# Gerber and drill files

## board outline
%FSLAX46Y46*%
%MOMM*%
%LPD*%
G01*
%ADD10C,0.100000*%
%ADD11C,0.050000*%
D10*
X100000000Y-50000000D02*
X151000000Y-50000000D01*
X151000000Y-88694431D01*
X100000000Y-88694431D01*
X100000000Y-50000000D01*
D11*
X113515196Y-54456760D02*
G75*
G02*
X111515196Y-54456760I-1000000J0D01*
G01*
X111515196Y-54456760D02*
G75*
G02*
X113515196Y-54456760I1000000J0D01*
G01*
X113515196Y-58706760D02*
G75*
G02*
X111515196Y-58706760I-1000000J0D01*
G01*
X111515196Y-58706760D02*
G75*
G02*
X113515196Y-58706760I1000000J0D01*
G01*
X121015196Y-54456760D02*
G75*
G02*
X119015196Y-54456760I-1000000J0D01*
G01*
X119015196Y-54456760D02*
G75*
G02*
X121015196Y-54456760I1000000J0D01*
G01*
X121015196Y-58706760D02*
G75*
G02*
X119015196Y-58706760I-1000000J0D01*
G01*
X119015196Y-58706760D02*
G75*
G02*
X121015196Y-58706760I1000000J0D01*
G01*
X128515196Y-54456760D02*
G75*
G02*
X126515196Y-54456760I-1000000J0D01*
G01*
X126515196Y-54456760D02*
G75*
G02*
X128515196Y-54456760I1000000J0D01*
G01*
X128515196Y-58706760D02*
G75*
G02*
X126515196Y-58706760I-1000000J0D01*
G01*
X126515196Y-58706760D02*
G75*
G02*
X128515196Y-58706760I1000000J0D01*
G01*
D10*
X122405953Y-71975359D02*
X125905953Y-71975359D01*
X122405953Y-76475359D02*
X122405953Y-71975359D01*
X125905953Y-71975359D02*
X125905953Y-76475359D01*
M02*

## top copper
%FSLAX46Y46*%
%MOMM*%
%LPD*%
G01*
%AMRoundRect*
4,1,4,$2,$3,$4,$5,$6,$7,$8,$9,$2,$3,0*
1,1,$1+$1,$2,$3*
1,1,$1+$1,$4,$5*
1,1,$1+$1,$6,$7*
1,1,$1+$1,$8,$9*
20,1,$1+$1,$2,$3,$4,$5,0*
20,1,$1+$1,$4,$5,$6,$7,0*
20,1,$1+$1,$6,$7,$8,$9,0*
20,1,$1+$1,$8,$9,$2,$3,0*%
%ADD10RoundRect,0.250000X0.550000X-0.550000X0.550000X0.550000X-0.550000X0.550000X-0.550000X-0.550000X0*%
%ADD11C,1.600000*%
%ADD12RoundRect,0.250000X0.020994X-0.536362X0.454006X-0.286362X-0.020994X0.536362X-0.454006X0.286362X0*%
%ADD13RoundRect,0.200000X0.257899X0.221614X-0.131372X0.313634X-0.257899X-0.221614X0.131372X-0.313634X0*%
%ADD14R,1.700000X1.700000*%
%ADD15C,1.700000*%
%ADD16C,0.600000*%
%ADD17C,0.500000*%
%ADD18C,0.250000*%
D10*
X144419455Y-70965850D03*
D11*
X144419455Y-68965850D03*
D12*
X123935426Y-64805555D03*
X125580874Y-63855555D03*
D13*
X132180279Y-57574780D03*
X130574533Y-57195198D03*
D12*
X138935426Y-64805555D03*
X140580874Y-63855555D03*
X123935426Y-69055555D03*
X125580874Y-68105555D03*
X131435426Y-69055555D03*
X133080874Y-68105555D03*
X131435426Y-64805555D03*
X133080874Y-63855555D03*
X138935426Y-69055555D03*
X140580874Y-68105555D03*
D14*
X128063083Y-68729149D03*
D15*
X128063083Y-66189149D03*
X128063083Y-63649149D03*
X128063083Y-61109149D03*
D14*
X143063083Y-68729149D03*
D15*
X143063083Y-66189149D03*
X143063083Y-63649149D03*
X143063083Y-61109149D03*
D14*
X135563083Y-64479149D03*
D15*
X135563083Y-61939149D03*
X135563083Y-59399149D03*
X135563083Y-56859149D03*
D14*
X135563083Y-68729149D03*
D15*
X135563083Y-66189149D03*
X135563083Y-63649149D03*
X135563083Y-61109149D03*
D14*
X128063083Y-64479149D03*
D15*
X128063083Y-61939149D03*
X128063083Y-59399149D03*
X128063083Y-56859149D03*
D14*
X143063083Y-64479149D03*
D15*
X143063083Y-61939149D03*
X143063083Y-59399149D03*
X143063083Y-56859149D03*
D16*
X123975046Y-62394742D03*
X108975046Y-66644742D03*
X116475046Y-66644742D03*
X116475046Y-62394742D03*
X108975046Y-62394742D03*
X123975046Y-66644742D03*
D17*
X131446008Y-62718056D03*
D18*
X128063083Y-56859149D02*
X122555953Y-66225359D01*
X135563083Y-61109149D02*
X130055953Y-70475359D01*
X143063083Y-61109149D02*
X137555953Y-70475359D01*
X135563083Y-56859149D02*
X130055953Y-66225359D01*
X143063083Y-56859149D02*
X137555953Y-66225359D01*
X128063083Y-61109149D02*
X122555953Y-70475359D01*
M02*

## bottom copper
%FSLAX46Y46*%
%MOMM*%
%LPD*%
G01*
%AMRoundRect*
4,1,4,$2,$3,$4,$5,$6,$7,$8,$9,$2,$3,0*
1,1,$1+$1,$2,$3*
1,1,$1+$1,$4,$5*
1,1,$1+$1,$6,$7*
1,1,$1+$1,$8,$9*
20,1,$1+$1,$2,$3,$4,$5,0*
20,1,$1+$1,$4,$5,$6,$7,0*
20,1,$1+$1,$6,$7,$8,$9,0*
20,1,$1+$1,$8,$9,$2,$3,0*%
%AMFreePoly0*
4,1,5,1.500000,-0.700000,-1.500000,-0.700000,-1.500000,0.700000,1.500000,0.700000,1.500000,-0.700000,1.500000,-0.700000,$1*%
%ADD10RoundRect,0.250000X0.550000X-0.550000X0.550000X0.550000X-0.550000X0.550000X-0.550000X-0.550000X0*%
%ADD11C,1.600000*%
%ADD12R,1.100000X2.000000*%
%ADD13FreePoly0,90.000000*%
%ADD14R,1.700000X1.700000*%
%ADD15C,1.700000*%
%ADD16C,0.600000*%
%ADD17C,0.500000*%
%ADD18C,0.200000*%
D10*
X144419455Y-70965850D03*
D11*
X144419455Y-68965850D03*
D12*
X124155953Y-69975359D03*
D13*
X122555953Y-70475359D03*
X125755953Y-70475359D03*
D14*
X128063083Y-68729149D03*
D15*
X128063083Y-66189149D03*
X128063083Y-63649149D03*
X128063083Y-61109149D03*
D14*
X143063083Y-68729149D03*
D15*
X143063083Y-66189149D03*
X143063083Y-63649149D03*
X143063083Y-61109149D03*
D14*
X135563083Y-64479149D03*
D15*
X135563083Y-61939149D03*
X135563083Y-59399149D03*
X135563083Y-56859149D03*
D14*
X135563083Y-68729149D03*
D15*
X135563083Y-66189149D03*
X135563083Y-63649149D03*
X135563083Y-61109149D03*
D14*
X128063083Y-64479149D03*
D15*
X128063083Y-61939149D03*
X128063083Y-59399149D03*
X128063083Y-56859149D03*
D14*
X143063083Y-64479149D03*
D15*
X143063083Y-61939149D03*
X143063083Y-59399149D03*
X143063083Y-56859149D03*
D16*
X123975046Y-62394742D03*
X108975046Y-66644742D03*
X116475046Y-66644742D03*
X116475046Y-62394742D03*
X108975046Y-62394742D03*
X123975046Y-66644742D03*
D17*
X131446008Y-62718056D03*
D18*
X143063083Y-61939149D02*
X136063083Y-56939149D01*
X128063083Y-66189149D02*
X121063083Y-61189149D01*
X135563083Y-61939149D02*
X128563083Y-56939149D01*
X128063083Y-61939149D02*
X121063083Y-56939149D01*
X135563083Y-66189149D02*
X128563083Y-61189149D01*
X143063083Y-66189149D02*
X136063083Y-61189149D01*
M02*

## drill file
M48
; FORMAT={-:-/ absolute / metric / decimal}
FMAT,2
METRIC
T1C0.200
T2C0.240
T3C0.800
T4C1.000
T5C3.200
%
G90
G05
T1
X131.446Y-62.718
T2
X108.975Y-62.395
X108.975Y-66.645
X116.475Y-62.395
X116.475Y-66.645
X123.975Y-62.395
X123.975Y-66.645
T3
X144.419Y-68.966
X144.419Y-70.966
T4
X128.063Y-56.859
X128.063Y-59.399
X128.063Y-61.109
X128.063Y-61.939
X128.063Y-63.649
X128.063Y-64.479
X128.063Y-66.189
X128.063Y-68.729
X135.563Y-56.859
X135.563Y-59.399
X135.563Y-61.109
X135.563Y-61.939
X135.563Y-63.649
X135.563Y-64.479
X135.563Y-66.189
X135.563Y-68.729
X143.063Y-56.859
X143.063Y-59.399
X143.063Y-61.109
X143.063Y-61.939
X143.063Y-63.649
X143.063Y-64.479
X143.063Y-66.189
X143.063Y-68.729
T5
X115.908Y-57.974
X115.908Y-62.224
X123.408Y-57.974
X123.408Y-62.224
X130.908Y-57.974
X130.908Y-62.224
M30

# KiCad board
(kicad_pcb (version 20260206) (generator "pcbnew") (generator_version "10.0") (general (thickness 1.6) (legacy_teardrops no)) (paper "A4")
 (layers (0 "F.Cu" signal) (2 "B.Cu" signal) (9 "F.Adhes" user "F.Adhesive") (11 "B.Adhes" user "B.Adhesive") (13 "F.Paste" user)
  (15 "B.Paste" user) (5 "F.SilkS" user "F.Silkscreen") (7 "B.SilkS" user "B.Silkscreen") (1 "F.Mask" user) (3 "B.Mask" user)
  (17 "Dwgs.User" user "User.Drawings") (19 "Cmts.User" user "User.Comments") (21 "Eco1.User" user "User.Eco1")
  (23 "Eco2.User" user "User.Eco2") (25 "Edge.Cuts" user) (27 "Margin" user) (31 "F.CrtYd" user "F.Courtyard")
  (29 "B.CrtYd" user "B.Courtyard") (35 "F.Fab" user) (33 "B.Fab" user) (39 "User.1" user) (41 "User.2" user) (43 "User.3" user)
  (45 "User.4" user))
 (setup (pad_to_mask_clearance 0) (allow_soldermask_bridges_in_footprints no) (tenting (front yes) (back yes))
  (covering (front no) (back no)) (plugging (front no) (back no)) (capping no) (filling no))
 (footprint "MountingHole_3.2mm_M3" (layer "F.Cu") (at 130.908484 62.224067 45)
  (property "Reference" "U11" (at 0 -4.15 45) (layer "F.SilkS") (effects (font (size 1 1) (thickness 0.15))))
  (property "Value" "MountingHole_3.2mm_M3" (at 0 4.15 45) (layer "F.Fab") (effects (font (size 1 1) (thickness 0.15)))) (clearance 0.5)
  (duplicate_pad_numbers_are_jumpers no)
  (pad "" np_thru_hole circle (at 0 0 45) (size 3.2 3.2) (drill 3.2) (layers "*.Cu" "*.Mask")))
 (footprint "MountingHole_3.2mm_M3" (layer "F.Cu") (at 123.408484 62.224067 45)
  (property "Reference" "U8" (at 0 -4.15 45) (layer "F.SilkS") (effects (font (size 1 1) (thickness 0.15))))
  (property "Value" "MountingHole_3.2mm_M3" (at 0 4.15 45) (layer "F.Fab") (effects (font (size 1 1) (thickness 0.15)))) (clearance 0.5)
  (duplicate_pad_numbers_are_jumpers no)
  (pad "" np_thru_hole circle (at 0 0 45) (size 3.2 3.2) (drill 3.2) (layers "*.Cu" "*.Mask")))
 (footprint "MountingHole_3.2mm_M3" (layer "F.Cu") (at 115.908484 62.224067 45)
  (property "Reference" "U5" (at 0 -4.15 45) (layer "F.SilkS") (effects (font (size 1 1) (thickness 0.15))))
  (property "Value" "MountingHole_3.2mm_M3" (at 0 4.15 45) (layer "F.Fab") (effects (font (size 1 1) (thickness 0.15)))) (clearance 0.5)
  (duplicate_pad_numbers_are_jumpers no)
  (pad "" np_thru_hole circle (at 0 0 45) (size 3.2 3.2) (drill 3.2) (layers "*.Cu" "*.Mask")))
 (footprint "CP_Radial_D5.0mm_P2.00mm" (layer "F.Cu") (at 144.419455 70.96585 90)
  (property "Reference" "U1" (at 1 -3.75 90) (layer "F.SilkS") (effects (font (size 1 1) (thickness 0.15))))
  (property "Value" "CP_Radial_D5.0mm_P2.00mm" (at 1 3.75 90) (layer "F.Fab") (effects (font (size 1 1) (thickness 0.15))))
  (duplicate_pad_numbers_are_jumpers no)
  (pad "1" thru_hole roundrect (at 0 0 90) (size 1.6 1.6) (drill 0.8) (layers "*.Cu" "*.Mask") (remove_unused_layers no)
   (roundrect_rratio 0.15625) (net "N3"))
  (pad "2" thru_hole circle (at 2 0 90) (size 1.6 1.6) (drill 0.8) (layers "*.Cu" "*.Mask") (remove_unused_layers no) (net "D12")))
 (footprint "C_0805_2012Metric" (layer "F.Cu") (at 124.75815 64.330555 30)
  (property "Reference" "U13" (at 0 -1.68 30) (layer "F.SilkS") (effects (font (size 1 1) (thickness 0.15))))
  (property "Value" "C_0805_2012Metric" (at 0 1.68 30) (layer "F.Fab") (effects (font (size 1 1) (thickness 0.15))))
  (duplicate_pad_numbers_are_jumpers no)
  (pad "1" smd roundrect (at -0.95 0 30) (size 1 1.45) (layers "F.Cu" "F.Mask" "F.Paste") (roundrect_rratio 0.25) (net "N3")
   (clearance 0.35))
  (pad "2" smd roundrect (at 0.95 0 30) (size 1 1.45) (layers "F.Cu" "F.Mask" "F.Paste") (roundrect_rratio 0.25)))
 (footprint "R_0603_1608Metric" (layer "F.Cu") (at 131.377406 57.384989 166.7)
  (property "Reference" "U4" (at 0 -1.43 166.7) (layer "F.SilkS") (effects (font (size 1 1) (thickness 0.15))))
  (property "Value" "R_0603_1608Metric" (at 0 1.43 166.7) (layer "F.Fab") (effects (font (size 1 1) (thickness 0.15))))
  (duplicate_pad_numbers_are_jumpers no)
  (pad "1" smd roundrect (at -0.825 0 166.7) (size 0.8 0.95) (layers "F.Cu" "F.Mask" "F.Paste") (roundrect_rratio 0.25) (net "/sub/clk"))
  (pad "2" smd roundrect (at 0.825 0 166.7) (size 0.8 0.95) (layers "F.Cu" "F.Mask" "F.Paste") (roundrect_rratio 0.25) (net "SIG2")))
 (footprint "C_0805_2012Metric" (layer "F.Cu") (at 139.75815 64.330555 30)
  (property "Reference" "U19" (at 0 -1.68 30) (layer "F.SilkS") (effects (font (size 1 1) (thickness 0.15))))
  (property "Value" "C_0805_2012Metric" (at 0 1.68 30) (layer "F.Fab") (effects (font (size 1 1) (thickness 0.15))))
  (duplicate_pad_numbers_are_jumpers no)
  (pad "1" smd roundrect (at -0.95 0 30) (size 1 1.45) (layers "F.Cu" "F.Mask" "F.Paste") (roundrect_rratio 0.25) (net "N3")
   (clearance 0.35))
  (pad "2" smd roundrect (at 0.95 0 30) (size 1 1.45) (layers "F.Cu" "F.Mask" "F.Paste") (roundrect_rratio 0.25)))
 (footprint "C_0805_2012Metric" (layer "F.Cu") (at 124.75815 68.580555 30)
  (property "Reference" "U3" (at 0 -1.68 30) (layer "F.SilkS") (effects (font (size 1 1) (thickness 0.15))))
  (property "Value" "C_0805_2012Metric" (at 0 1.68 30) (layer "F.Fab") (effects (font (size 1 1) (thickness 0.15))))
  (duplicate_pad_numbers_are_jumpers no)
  (pad "1" smd roundrect (at -0.95 0 30) (size 1 1.45) (layers "F.Cu" "F.Mask" "F.Paste") (roundrect_rratio 0.25) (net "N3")
   (clearance 0.35))
  (pad "2" smd roundrect (at 0.95 0 30) (size 1 1.45) (layers "F.Cu" "F.Mask" "F.Paste") (roundrect_rratio 0.25)))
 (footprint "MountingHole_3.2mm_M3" (layer "F.Cu") (at 123.408484 57.974067 45)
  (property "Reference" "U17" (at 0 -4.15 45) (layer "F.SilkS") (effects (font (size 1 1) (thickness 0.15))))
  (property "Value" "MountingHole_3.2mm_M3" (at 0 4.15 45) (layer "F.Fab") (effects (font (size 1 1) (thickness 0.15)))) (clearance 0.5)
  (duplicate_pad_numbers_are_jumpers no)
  (pad "" np_thru_hole circle (at 0 0 45) (size 3.2 3.2) (drill 3.2) (layers "*.Cu" "*.Mask")))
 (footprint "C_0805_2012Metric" (layer "F.Cu") (at 132.25815 68.580555 30)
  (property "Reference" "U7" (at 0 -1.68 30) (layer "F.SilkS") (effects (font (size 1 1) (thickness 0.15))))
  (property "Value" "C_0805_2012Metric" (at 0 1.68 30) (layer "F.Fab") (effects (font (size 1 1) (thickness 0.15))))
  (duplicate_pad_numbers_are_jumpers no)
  (pad "1" smd roundrect (at -0.95 0 30) (size 1 1.45) (layers "F.Cu" "F.Mask" "F.Paste") (roundrect_rratio 0.25) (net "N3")
   (clearance 0.35))
  (pad "2" smd roundrect (at 0.95 0 30) (size 1 1.45) (layers "F.Cu" "F.Mask" "F.Paste") (roundrect_rratio 0.25)))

* * * * *

Task instructions –
Above are some lines. Repeat exactly, and only, those from the line that has "X143.063Y-56.859" through the line that has "# KiCad board".

Solution for this problem –
X143.063Y-56.859
X143.063Y-59.399
X143.063Y-61.109
X143.063Y-61.939
X143.063Y-63.649
X143.063Y-64.479
X143.063Y-66.189
X143.063Y-68.729
T5
X115.908Y-57.974
X115.908Y-62.224
X123.408Y-57.974
X123.408Y-62.224
X130.908Y-57.974
X130.908Y-62.224
M30

# KiCad board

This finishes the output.